Records provided:
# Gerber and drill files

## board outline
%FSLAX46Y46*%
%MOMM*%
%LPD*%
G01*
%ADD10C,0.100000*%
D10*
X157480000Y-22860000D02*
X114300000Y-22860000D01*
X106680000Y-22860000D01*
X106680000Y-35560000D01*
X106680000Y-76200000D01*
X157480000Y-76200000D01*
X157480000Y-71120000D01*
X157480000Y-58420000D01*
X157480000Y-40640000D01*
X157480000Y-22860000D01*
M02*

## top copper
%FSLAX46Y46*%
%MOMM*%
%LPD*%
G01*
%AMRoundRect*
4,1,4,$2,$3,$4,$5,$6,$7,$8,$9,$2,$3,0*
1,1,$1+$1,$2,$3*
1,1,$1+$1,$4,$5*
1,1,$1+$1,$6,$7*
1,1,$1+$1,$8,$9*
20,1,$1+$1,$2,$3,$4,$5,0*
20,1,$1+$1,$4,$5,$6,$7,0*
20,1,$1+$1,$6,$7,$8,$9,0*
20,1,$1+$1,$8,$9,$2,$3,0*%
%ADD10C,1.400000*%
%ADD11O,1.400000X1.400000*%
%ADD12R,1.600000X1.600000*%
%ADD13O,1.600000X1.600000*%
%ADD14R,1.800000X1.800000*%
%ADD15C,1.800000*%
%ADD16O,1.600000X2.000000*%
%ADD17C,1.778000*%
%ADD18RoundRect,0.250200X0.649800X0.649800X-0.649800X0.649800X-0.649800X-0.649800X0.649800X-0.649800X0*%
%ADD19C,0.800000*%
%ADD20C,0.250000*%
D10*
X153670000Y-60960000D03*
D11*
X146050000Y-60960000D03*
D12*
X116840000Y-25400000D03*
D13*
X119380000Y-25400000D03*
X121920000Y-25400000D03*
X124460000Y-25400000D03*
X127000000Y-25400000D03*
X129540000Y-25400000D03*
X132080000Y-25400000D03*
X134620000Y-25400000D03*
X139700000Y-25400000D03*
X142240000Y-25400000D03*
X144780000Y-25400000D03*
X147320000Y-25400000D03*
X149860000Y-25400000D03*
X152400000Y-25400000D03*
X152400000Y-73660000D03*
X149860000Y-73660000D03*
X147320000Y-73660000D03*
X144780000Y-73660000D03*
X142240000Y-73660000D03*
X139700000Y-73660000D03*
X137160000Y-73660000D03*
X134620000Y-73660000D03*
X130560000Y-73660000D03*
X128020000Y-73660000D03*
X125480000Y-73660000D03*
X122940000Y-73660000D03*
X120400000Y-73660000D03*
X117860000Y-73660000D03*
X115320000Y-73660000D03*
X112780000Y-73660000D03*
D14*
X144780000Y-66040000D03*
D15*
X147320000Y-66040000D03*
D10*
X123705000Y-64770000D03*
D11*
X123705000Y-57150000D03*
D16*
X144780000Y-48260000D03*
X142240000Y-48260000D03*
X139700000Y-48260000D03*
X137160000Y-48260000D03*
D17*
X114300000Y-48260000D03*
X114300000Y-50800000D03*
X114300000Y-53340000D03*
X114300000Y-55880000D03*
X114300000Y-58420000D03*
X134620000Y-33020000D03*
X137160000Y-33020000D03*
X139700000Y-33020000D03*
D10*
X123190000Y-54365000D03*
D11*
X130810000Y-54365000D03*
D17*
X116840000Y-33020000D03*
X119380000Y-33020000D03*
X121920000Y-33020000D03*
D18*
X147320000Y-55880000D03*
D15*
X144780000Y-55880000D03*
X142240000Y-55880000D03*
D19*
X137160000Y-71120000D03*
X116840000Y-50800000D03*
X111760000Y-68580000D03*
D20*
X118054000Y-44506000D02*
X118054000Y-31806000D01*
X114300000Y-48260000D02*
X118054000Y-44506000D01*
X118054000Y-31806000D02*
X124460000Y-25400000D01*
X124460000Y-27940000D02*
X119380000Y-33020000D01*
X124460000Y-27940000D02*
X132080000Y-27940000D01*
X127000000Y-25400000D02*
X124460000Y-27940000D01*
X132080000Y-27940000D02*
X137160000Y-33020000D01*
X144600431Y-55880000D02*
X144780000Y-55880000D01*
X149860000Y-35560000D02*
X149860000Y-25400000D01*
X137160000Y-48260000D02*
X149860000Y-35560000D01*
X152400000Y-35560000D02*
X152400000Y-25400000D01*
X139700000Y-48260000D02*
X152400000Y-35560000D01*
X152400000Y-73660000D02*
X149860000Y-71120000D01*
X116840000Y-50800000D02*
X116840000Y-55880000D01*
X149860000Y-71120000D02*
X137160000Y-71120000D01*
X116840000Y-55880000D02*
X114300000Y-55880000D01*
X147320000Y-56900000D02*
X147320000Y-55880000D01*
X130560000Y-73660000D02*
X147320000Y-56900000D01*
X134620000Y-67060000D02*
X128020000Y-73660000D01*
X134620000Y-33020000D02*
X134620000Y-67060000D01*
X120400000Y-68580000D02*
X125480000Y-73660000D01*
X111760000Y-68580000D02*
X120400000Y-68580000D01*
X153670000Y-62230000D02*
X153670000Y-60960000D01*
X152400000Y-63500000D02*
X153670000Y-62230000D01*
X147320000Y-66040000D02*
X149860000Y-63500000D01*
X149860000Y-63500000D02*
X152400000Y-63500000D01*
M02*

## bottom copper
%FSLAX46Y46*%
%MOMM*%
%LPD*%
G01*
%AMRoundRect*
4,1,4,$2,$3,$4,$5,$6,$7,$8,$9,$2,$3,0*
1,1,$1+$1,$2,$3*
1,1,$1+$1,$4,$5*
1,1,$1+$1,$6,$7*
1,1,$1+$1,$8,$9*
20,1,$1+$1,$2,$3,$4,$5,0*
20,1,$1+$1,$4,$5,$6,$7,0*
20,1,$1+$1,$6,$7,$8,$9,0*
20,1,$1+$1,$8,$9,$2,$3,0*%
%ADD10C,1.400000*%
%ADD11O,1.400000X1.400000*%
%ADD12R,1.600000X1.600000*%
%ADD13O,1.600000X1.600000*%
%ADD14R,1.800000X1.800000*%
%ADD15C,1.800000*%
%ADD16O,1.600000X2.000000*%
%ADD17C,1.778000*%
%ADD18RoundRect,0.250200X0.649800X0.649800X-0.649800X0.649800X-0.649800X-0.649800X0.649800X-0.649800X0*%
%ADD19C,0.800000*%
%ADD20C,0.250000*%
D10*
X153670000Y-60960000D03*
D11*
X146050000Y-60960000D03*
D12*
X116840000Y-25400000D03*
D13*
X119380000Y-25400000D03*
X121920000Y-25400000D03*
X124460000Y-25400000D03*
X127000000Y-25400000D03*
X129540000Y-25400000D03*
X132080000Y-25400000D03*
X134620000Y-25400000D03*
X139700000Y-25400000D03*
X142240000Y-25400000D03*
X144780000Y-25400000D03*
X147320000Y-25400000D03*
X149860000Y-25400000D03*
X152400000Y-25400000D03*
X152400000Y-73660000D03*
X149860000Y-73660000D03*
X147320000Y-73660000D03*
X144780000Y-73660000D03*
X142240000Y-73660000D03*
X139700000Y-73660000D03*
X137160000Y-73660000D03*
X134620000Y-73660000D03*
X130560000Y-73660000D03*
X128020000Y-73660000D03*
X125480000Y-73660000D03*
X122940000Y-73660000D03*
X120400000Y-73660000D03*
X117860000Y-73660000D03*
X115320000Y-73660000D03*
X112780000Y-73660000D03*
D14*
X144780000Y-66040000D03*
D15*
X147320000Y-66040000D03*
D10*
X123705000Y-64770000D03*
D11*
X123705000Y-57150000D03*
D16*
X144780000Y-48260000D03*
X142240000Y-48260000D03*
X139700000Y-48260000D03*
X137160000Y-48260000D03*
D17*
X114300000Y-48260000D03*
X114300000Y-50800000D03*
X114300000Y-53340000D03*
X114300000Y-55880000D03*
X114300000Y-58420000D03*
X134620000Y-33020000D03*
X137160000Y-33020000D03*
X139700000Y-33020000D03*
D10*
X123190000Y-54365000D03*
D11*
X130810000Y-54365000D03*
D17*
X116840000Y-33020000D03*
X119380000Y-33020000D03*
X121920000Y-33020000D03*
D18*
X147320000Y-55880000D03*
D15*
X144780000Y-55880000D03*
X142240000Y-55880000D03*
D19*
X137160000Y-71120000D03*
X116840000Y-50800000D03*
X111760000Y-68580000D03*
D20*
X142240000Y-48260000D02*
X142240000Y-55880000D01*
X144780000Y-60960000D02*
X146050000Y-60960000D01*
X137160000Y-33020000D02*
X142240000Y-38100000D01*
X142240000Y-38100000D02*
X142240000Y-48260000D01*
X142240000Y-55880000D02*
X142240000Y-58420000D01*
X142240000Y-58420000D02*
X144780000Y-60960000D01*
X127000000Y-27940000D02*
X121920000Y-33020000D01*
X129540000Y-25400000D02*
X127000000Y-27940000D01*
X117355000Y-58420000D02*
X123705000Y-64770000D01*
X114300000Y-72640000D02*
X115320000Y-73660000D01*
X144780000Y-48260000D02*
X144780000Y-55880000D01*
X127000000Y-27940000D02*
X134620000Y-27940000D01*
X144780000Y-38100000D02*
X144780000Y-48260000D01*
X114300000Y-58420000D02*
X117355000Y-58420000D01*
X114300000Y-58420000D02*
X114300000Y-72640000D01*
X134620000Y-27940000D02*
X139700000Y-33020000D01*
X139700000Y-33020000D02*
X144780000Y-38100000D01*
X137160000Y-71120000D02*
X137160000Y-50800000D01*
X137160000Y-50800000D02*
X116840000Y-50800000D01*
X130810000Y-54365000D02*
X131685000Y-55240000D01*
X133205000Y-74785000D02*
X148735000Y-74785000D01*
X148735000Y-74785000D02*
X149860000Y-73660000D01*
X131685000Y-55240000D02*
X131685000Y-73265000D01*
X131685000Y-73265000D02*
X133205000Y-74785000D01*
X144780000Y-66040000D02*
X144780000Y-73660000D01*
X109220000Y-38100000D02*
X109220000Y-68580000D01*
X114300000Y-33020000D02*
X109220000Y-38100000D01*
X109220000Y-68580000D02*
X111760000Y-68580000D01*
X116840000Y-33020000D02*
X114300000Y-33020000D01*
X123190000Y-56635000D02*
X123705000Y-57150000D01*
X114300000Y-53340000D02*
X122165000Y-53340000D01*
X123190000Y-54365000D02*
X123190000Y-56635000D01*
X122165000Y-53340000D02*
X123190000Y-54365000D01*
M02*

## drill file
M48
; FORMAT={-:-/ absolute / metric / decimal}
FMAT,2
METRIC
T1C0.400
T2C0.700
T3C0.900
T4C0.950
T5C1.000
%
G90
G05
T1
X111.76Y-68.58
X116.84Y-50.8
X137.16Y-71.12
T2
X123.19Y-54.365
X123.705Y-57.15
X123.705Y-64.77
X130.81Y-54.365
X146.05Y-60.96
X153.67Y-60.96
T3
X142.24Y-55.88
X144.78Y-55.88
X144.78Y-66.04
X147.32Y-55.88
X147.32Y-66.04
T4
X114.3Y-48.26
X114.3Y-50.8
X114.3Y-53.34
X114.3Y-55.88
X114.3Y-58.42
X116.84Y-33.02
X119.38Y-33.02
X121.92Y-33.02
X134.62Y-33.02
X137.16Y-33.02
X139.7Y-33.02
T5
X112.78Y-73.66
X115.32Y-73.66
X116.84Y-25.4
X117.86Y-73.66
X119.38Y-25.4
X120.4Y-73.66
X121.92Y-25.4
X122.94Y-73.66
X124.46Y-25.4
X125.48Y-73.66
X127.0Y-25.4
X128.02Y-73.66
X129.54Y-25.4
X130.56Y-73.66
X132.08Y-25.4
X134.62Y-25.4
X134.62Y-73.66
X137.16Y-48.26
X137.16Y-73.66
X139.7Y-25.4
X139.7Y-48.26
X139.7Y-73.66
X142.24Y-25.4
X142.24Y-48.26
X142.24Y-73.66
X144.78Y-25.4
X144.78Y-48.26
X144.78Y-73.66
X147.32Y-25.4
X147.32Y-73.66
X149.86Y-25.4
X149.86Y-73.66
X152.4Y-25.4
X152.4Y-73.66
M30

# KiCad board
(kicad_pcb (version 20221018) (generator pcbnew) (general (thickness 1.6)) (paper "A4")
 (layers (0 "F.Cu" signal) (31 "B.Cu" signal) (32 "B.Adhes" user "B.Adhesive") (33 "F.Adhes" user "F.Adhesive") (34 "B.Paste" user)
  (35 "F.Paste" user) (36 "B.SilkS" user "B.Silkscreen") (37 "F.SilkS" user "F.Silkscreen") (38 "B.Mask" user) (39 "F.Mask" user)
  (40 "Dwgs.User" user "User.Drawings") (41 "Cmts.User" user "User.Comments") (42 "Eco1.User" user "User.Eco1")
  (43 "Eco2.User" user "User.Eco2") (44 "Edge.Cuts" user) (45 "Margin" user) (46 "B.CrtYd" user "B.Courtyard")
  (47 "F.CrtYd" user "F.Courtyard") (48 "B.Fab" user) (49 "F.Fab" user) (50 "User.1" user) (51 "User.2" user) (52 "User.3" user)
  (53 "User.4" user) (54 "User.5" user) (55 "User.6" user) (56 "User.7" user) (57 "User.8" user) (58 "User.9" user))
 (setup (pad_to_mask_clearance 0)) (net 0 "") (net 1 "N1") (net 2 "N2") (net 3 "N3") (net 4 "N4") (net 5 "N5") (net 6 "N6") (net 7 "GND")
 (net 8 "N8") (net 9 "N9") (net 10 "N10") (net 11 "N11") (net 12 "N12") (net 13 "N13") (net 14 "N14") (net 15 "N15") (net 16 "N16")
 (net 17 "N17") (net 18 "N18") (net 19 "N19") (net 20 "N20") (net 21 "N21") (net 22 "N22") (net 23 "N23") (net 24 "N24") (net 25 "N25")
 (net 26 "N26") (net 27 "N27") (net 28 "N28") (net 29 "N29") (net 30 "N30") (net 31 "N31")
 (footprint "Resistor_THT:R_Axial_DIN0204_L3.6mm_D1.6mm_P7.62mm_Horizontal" (layer "F.Cu") (at 153.67 60.96 180)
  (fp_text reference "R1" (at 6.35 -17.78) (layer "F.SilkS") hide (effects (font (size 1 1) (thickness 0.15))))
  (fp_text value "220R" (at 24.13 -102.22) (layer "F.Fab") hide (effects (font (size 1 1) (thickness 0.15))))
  (pad "1" thru_hole circle (at 0 0 180) (size 1.4 1.4) (drill 0.7) (layers "*.Cu" "*.Mask") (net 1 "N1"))
  (pad "2" thru_hole oval (at 7.62 0 180) (size 1.4 1.4) (drill 0.7) (layers "*.Cu" "*.Mask") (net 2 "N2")))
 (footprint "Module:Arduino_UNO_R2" (layer "F.Cu") (at 116.84 25.4)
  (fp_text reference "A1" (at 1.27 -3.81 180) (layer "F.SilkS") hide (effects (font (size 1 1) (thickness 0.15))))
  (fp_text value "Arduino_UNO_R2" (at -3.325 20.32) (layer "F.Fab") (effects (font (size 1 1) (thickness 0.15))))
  (pad "1" thru_hole rect (at 0 0 90) (size 1.6 1.6) (drill 1) (layers "*.Cu" "*.Mask") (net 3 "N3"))
  (pad "2" thru_hole oval (at 2.54 0 90) (size 1.6 1.6) (drill 1) (layers "*.Cu" "*.Mask") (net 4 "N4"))
  (pad "3" thru_hole oval (at 5.08 0 90) (size 1.6 1.6) (drill 1) (layers "*.Cu" "*.Mask") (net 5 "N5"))
  (pad "4" thru_hole oval (at 7.62 0 90) (size 1.6 1.6) (drill 1) (layers "*.Cu" "*.Mask") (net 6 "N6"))
  (pad "5" thru_hole oval (at 10.16 0 90) (size 1.6 1.6) (drill 1) (layers "*.Cu" "*.Mask") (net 2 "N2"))
  (pad "6" thru_hole oval (at 12.7 0 90) (size 1.6 1.6) (drill 1) (layers "*.Cu" "*.Mask") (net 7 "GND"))
  (pad "7" thru_hole oval (at 15.24 0 90) (size 1.6 1.6) (drill 1) (layers "*.Cu" "*.Mask") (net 7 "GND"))
  (pad "8" thru_hole oval (at 17.78 0 90) (size 1.6 1.6) (drill 1) (layers "*.Cu" "*.Mask") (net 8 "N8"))
  (pad "9" thru_hole oval (at 22.86 0 90) (size 1.6 1.6) (drill 1) (layers "*.Cu" "*.Mask") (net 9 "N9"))
  (pad "10" thru_hole oval (at 25.4 0 90) (size 1.6 1.6) (drill 1) (layers "*.Cu" "*.Mask") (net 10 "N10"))
  (pad "11" thru_hole oval (at 27.94 0 90) (size 1.6 1.6) (drill 1) (layers "*.Cu" "*.Mask") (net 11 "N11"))
  (pad "12" thru_hole oval (at 30.48 0 90) (size 1.6 1.6) (drill 1) (layers "*.Cu" "*.Mask") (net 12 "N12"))
  (pad "13" thru_hole oval (at 33.02 0 90) (size 1.6 1.6) (drill 1) (layers "*.Cu" "*.Mask") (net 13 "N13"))
  (pad "14" thru_hole oval (at 35.56 0 90) (size 1.6 1.6) (drill 1) (layers "*.Cu" "*.Mask") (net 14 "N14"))
  (pad "15" thru_hole oval (at 35.56 48.26 90) (size 1.6 1.6) (drill 1) (layers "*.Cu" "*.Mask") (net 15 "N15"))
  (pad "16" thru_hole oval (at 33.02 48.26 90) (size 1.6 1.6) (drill 1) (layers "*.Cu" "*.Mask") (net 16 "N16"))
  (pad "17" thru_hole oval (at 30.48 48.26 90) (size 1.6 1.6) (drill 1) (layers "*.Cu" "*.Mask") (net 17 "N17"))
  (pad "18" thru_hole oval (at 27.94 48.26 90) (size 1.6 1.6) (drill 1) (layers "*.Cu" "*.Mask") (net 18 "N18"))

Work to be completed:
Return all lines of the material above in which the word "Courtyard" occurs.

Response to the task:
  (43 "Eco2.User" user "User.Eco2") (44 "Edge.Cuts" user) (45 "Margin" user) (46 "B.CrtYd" user "B.Courtyard")
  (47 "F.CrtYd" user "F.Courtyard") (48 "B.Fab" user) (49 "F.Fab" user) (50 "User.1" user) (51 "User.2" user) (52 "User.3" user)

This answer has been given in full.